Please tally how many lines in the entries below include the word "Sensor", giving only the number.
Data section below:
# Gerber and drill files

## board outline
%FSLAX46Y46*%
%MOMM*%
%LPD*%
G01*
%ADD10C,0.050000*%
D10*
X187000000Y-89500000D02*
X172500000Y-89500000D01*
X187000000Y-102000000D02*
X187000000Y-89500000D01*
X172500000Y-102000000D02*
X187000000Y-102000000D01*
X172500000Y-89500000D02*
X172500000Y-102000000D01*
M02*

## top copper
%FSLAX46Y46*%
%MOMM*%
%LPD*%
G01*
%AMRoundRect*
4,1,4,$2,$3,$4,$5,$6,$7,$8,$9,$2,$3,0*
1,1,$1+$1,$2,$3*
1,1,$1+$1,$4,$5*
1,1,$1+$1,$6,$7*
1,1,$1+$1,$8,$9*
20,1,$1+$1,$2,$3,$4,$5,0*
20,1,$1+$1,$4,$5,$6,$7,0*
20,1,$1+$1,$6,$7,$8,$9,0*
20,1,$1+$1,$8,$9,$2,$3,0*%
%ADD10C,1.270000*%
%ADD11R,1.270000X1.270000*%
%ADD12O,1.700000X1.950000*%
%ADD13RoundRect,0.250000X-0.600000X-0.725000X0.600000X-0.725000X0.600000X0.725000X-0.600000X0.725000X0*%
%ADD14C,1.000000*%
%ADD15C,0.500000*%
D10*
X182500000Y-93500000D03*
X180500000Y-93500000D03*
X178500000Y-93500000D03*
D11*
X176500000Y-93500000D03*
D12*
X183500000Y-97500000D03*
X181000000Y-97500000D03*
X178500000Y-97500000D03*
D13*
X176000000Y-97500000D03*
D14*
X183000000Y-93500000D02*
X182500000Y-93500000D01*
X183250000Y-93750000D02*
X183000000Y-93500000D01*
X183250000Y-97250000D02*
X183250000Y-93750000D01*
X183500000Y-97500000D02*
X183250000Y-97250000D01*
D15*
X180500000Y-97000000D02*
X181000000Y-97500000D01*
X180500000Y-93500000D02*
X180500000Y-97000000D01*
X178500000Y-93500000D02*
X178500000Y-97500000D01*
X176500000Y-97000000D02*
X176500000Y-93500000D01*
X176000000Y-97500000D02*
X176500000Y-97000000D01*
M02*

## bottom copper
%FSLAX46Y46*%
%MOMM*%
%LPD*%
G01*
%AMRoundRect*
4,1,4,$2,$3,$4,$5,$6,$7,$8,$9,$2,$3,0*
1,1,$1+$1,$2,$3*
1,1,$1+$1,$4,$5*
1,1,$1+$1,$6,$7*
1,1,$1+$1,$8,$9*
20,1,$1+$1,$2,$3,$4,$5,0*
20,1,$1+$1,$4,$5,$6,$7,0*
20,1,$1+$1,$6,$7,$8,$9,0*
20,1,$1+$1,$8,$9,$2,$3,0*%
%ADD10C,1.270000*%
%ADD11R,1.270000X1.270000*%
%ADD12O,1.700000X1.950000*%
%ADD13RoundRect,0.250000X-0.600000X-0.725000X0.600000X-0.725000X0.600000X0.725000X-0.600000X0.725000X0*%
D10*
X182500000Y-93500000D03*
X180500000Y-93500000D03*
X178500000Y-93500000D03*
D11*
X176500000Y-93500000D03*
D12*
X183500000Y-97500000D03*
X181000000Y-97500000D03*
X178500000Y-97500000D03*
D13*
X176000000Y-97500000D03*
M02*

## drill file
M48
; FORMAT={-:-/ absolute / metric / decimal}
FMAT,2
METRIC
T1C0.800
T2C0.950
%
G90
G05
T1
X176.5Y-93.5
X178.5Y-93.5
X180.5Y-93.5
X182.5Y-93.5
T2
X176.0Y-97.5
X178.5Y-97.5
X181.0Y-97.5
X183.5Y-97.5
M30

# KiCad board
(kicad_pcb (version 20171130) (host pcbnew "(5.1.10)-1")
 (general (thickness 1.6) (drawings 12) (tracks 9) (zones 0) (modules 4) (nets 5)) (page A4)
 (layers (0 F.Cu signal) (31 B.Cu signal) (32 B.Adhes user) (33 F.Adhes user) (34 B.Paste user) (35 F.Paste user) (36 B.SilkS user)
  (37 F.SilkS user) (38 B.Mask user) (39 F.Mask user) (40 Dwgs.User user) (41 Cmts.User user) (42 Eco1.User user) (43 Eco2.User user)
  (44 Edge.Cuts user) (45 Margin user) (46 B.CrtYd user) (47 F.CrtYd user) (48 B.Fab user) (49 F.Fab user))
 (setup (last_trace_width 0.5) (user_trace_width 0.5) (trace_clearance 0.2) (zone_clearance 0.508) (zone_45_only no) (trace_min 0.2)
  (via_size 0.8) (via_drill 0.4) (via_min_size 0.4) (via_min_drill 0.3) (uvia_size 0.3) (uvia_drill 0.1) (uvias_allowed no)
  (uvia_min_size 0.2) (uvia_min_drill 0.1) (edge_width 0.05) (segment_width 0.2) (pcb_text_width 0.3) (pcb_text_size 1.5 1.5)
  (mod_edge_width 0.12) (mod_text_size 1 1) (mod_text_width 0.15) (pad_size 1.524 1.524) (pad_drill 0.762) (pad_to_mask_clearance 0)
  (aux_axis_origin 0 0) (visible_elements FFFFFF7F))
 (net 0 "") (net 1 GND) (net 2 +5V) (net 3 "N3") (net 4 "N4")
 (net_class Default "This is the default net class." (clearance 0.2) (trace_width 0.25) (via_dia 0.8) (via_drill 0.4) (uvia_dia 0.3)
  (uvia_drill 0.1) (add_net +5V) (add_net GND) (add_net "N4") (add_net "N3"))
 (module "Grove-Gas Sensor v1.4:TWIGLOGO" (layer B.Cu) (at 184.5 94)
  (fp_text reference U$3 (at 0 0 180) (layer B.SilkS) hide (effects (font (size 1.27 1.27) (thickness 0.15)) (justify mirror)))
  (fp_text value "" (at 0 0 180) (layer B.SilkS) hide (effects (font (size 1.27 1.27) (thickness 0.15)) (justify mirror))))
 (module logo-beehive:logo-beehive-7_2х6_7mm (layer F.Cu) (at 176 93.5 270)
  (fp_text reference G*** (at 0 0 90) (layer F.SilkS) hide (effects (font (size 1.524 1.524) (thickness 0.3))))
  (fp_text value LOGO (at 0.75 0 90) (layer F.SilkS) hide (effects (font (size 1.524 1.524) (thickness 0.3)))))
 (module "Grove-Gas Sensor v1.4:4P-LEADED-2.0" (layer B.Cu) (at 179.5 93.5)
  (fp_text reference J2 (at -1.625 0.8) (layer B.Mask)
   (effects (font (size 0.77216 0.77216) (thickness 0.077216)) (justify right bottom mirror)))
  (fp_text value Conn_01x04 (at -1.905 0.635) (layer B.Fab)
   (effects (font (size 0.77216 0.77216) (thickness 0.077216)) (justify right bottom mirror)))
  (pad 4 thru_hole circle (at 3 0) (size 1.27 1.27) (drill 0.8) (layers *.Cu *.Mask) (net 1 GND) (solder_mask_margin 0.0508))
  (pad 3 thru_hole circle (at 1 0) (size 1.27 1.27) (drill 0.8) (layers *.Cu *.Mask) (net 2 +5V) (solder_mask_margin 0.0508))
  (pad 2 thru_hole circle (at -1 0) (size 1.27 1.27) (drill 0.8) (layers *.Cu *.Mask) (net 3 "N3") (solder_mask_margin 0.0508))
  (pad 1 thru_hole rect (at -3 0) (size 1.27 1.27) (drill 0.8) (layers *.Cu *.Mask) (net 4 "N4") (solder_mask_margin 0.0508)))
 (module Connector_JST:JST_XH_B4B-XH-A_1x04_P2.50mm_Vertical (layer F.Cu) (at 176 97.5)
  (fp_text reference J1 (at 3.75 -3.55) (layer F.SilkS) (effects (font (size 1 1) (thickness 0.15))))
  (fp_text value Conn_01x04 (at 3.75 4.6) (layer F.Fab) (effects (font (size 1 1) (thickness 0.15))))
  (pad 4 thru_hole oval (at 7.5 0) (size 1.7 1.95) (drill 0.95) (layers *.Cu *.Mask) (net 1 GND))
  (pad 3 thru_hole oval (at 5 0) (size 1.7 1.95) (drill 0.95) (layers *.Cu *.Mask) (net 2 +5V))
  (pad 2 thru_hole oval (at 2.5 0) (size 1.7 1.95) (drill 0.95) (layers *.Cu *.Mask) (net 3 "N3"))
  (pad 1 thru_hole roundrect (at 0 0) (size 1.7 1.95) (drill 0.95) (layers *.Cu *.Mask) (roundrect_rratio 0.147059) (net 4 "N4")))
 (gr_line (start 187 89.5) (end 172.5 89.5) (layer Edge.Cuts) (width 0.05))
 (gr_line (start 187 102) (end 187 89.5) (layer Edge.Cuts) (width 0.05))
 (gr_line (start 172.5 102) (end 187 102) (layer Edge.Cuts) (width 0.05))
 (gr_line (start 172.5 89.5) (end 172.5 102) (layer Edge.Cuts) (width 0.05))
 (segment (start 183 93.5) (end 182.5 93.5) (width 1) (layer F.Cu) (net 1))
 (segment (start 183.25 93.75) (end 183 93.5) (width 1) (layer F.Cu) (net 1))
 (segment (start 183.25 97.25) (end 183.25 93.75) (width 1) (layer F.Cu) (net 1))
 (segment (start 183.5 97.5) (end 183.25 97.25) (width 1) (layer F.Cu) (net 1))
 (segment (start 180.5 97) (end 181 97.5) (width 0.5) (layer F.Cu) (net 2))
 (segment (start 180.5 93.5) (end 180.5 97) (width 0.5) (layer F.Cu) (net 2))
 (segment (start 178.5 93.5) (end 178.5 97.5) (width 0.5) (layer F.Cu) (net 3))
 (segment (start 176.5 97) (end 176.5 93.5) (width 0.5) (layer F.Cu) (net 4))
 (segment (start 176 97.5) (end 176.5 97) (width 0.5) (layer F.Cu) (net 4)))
End of Data section.
Result of this exercise:
2